Work task: A verbatim reproduction of the lines below, from the line containing "X194518798Y-108490633D03*" through the line containing "X155196782Y-67944789D03*", both ends included, is the whole required output.

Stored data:
- - - - - - -

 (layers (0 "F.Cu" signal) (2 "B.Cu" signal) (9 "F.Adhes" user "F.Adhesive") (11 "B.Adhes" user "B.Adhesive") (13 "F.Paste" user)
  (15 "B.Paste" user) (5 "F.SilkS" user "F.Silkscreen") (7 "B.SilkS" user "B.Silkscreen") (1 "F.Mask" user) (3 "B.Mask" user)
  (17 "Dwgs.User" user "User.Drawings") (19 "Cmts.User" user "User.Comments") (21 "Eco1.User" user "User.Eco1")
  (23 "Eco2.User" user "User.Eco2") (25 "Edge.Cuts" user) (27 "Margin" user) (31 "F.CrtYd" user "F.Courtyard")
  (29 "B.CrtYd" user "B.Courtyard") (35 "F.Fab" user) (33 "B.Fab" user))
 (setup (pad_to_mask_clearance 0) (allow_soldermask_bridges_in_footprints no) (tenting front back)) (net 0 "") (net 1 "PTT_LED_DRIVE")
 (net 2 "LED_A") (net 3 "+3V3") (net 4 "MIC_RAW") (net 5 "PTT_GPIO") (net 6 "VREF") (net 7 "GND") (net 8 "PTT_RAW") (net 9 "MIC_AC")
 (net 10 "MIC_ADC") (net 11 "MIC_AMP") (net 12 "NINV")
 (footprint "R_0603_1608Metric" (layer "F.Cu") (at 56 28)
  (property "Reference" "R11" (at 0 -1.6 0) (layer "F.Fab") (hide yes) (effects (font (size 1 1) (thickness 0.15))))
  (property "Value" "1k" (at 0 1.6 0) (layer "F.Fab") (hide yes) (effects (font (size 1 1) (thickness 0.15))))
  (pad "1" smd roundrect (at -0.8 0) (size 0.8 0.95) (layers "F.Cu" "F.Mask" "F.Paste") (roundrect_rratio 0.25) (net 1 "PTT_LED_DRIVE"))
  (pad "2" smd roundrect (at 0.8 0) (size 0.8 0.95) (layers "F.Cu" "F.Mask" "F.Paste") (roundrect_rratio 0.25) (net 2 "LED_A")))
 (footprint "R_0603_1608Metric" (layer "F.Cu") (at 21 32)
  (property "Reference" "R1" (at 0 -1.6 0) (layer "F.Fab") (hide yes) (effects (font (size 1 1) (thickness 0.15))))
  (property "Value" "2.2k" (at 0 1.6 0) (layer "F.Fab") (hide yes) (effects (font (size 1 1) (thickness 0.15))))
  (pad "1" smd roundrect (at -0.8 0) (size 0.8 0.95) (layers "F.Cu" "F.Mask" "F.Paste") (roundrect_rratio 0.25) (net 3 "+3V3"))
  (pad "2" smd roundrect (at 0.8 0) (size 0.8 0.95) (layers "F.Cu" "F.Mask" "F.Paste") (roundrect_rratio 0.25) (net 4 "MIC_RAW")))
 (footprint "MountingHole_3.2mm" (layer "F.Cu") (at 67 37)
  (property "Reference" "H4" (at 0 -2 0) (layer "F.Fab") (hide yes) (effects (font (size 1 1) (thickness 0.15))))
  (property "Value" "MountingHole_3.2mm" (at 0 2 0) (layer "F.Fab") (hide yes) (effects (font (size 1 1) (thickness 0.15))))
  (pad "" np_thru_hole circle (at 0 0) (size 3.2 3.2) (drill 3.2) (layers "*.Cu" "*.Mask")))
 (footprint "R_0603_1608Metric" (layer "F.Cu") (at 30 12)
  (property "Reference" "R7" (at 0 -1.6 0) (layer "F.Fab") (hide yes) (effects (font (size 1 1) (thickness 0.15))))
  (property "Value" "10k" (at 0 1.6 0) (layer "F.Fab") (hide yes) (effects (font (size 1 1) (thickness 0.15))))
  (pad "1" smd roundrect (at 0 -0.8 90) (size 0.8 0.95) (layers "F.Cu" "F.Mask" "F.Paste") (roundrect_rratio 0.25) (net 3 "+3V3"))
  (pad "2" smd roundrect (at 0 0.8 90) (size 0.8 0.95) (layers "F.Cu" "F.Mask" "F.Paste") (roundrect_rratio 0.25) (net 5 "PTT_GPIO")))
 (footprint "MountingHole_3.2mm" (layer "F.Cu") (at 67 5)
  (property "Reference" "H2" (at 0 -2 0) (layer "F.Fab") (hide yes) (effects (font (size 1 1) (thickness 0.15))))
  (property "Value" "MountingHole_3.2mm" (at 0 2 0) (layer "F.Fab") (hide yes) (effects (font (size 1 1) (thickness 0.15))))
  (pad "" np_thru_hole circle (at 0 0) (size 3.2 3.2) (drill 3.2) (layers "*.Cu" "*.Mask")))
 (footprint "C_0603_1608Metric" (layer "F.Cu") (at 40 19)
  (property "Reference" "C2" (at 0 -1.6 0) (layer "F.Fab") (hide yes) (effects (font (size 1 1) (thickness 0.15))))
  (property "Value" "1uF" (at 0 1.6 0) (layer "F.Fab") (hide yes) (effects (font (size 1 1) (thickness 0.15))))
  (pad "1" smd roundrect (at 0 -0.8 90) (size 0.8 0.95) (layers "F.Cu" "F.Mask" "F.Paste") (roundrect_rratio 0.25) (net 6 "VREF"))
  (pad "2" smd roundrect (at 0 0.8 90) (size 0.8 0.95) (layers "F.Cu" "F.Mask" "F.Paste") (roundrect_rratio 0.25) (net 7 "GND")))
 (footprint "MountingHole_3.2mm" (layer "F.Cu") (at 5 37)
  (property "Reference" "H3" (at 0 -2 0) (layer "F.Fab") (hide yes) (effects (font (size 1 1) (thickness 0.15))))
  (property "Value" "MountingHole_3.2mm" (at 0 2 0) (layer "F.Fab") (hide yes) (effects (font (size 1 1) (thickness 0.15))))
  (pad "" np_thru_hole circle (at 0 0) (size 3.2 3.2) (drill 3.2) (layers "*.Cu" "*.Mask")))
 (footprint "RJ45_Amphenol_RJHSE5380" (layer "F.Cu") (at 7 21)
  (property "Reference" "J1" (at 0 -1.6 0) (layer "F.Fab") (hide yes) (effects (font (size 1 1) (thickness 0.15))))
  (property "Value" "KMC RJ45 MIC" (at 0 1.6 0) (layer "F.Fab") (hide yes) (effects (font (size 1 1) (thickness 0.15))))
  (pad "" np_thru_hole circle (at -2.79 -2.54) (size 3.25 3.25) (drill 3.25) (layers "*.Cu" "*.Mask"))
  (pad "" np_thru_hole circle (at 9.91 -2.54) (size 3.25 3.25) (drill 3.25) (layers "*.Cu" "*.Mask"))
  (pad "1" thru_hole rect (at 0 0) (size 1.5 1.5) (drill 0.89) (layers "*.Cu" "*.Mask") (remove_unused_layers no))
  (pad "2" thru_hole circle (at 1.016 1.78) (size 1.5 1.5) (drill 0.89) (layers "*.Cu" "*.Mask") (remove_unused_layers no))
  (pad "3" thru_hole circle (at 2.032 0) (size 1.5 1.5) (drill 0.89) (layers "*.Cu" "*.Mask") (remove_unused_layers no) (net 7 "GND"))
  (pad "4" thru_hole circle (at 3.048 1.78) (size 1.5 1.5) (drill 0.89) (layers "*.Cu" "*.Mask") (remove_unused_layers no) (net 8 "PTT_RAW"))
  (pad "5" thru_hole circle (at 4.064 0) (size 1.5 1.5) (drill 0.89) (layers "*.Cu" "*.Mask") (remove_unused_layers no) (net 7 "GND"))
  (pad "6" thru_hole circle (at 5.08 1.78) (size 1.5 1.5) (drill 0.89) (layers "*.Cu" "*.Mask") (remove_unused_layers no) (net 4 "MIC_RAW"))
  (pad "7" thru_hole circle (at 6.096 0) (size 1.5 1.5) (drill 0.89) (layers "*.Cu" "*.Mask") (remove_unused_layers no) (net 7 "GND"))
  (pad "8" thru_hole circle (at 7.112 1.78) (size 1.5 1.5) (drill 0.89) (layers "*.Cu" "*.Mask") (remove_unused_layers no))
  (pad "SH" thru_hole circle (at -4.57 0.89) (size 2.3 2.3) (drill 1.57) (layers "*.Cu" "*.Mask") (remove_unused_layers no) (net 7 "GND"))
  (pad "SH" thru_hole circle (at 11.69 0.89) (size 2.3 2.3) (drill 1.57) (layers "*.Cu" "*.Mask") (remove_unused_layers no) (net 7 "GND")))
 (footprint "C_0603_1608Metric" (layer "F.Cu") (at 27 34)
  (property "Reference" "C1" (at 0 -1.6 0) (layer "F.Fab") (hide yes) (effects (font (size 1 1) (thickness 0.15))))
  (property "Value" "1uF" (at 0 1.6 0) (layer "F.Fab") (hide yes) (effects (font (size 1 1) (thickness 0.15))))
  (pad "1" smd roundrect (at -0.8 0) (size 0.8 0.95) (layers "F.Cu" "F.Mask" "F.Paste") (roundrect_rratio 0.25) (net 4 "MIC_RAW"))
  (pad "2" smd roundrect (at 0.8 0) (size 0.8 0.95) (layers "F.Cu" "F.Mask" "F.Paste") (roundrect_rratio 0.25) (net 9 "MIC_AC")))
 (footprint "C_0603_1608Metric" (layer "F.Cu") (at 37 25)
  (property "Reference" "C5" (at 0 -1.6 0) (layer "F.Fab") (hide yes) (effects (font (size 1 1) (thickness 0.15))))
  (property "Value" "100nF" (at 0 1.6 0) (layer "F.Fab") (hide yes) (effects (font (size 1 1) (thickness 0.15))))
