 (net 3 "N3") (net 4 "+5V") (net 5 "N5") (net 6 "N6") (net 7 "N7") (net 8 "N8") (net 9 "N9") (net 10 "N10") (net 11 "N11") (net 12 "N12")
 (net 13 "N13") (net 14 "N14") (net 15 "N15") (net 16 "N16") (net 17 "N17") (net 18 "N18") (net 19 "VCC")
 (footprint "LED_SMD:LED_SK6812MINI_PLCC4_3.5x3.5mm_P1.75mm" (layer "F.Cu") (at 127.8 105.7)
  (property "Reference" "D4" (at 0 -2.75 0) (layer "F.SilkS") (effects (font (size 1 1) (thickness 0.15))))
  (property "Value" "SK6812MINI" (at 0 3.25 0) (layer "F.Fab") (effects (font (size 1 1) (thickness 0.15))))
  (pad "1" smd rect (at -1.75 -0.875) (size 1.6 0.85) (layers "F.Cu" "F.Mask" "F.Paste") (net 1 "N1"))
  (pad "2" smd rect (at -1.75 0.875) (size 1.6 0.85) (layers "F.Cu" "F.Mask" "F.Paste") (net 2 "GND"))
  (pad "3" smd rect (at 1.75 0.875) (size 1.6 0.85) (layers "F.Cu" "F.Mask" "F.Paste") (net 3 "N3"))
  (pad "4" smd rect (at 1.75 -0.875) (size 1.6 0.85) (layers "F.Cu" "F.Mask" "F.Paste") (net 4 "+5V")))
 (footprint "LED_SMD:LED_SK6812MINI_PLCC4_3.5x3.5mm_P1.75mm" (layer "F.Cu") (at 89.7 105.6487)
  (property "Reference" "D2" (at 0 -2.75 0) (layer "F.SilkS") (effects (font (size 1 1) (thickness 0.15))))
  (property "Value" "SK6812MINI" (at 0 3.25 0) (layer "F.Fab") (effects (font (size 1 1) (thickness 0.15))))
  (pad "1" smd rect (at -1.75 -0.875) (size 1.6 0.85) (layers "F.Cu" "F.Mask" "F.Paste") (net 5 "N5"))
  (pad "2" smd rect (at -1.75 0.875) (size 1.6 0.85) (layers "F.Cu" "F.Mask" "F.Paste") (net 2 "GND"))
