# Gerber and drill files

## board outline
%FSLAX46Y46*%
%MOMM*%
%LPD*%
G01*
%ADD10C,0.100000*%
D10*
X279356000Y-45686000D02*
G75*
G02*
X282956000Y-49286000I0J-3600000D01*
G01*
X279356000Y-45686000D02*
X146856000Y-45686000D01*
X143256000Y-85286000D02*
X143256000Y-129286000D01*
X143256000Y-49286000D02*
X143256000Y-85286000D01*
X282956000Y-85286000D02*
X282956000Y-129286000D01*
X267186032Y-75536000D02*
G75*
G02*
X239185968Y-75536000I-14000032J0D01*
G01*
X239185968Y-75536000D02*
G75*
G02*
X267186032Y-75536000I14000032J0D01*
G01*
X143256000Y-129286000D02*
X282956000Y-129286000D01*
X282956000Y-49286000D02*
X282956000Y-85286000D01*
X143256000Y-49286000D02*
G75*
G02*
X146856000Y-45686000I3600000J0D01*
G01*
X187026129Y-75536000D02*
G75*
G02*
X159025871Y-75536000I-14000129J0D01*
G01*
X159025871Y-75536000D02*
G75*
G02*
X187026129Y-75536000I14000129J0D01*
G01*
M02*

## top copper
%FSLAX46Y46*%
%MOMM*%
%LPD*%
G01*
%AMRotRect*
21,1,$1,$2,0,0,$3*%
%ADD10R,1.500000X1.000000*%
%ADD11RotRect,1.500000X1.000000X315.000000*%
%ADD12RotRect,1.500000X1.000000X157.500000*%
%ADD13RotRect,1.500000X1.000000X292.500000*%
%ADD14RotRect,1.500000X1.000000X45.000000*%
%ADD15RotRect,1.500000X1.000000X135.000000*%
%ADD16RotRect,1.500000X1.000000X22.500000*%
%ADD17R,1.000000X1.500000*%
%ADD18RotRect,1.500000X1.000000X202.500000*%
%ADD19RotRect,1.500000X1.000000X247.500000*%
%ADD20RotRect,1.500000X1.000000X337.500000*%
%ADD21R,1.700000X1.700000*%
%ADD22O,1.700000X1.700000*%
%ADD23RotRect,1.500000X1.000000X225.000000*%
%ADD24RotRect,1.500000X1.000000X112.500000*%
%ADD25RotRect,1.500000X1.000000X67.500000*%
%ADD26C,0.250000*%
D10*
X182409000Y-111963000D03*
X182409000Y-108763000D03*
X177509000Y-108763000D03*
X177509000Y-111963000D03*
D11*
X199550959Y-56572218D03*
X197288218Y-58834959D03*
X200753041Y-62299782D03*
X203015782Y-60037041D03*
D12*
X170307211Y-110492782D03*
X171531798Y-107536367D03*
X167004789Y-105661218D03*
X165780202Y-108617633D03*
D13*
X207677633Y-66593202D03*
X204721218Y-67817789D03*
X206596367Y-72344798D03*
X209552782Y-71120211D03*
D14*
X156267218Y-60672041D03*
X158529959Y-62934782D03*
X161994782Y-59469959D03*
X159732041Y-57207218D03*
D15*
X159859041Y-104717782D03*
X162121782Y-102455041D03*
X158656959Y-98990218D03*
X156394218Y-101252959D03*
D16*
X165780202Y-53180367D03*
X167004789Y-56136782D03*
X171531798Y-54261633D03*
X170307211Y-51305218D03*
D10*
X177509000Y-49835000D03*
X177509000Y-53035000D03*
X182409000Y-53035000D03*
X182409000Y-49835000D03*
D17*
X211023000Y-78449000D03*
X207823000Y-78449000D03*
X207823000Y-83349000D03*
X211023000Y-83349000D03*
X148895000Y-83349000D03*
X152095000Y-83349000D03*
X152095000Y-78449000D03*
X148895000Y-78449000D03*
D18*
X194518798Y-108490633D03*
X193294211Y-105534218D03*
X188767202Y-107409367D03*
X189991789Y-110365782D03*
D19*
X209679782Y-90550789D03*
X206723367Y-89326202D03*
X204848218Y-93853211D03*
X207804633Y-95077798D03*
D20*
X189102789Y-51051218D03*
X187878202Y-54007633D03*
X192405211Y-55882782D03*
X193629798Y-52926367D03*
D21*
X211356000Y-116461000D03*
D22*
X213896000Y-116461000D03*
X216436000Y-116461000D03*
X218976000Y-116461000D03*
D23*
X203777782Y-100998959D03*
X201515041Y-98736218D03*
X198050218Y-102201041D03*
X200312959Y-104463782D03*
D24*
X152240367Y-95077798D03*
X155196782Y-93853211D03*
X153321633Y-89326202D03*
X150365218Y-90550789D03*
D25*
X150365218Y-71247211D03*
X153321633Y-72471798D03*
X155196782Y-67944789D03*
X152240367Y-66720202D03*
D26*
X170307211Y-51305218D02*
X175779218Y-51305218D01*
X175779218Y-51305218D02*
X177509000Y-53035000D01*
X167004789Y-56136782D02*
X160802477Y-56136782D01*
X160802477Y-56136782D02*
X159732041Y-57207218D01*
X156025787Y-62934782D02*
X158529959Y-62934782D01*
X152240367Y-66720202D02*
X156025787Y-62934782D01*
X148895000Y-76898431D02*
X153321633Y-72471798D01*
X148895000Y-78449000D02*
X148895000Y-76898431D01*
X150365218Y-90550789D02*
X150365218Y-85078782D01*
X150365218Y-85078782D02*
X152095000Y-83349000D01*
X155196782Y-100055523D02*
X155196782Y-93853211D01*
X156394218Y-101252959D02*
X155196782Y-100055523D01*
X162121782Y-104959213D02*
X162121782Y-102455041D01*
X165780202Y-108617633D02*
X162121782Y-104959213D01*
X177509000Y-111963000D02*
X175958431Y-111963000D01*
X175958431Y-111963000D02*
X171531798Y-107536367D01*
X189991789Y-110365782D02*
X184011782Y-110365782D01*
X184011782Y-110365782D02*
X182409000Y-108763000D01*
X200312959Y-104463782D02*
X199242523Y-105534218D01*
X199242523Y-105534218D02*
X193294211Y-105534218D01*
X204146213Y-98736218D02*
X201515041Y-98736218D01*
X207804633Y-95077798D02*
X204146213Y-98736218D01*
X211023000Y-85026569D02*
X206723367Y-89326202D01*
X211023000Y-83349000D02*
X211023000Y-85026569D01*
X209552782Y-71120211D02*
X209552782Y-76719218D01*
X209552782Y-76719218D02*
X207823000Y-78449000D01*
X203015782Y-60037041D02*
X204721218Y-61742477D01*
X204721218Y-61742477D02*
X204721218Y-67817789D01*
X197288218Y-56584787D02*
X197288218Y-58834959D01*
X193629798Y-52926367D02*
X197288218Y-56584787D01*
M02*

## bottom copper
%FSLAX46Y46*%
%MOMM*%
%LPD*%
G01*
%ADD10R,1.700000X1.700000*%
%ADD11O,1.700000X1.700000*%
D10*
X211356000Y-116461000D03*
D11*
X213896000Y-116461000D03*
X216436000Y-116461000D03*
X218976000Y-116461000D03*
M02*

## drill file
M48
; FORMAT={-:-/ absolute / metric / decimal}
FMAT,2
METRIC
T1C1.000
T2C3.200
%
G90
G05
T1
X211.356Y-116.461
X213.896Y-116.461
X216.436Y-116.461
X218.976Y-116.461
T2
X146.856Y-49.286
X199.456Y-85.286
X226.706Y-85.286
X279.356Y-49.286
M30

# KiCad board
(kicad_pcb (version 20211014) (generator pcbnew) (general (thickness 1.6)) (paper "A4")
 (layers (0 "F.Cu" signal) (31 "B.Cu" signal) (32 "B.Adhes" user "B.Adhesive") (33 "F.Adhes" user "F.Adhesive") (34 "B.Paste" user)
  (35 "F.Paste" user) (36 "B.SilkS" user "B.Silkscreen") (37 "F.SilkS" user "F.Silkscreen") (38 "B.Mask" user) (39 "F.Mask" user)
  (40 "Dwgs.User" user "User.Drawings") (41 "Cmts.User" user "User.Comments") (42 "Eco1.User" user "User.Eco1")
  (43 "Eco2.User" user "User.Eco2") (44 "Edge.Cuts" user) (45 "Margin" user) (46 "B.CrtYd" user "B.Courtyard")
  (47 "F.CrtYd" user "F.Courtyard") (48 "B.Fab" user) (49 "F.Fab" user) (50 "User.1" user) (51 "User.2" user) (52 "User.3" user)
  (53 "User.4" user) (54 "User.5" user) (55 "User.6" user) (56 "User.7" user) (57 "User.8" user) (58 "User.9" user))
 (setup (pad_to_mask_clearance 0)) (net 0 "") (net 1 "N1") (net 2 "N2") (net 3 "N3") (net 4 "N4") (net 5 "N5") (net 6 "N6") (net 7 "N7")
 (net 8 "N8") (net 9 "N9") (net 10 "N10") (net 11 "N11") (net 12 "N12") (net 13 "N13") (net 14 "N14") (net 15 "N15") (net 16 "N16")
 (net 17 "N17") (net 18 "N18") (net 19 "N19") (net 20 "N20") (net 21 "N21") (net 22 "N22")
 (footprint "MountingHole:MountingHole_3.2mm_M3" (layer "F.Cu") (at 226.706 85.286)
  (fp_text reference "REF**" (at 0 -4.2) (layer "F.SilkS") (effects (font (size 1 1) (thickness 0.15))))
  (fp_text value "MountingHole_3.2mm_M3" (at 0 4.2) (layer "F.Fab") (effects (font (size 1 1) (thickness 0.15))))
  (pad "" np_thru_hole circle locked (at 0 0) (size 3.2 3.2) (drill 3.2) (layers *.Cu *.Mask)))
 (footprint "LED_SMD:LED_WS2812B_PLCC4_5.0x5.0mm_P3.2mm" (layer "F.Cu") (at 179.959 110.363 180)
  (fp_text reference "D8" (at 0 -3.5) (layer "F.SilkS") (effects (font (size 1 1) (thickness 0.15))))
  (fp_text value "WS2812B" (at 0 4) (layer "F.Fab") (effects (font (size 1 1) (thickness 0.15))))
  (pad "1" smd rect locked (at -2.45 -1.6 180) (size 1.5 1) (layers "F.Cu" "F.Paste" "F.Mask") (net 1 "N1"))
  (pad "2" smd rect locked (at -2.45 1.6 180) (size 1.5 1) (layers "F.Cu" "F.Paste" "F.Mask") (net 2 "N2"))
  (pad "3" smd rect locked (at 2.45 1.6 180) (size 1.5 1) (layers "F.Cu" "F.Paste" "F.Mask") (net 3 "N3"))
  (pad "4" smd rect locked (at 2.45 -1.6 180) (size 1.5 1) (layers "F.Cu" "F.Paste" "F.Mask") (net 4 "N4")))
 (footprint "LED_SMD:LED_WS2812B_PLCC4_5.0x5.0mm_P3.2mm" (layer "F.Cu") (at 200.152 59.436 -45)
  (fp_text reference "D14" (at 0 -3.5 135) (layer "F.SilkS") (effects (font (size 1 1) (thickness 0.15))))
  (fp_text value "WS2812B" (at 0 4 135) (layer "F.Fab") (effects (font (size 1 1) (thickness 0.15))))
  (pad "1" smd rect locked (at -2.45 -1.6 315) (size 1.5 1) (layers "F.Cu" "F.Paste" "F.Mask") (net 1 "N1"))
  (pad "2" smd rect locked (at -2.45 1.6 315) (size 1.5 1) (layers "F.Cu" "F.Paste" "F.Mask") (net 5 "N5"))
  (pad "3" smd rect locked (at 2.45 1.6 315) (size 1.5 1) (layers "F.Cu" "F.Paste" "F.Mask") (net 3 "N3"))
  (pad "4" smd rect locked (at 2.45 -1.6 315) (size 1.5 1) (layers "F.Cu" "F.Paste" "F.Mask") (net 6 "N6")))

- - - - - - -

Task result:
X194518798Y-108490633D03*
X193294211Y-105534218D03*
X188767202Y-107409367D03*
X189991789Y-110365782D03*
D19*
X209679782Y-90550789D03*
X206723367Y-89326202D03*
X204848218Y-93853211D03*
X207804633Y-95077798D03*
D20*
X189102789Y-51051218D03*
X187878202Y-54007633D03*
X192405211Y-55882782D03*
X193629798Y-52926367D03*
D21*
X211356000Y-116461000D03*
D22*
X213896000Y-116461000D03*
X216436000Y-116461000D03*
X218976000Y-116461000D03*
D23*
X203777782Y-100998959D03*
X201515041Y-98736218D03*
X198050218Y-102201041D03*
X200312959Y-104463782D03*
D24*
X152240367Y-95077798D03*
X155196782Y-93853211D03*
X153321633Y-89326202D03*
X150365218Y-90550789D03*
D25*
X150365218Y-71247211D03*
X153321633Y-72471798D03*
X155196782Y-67944789D03*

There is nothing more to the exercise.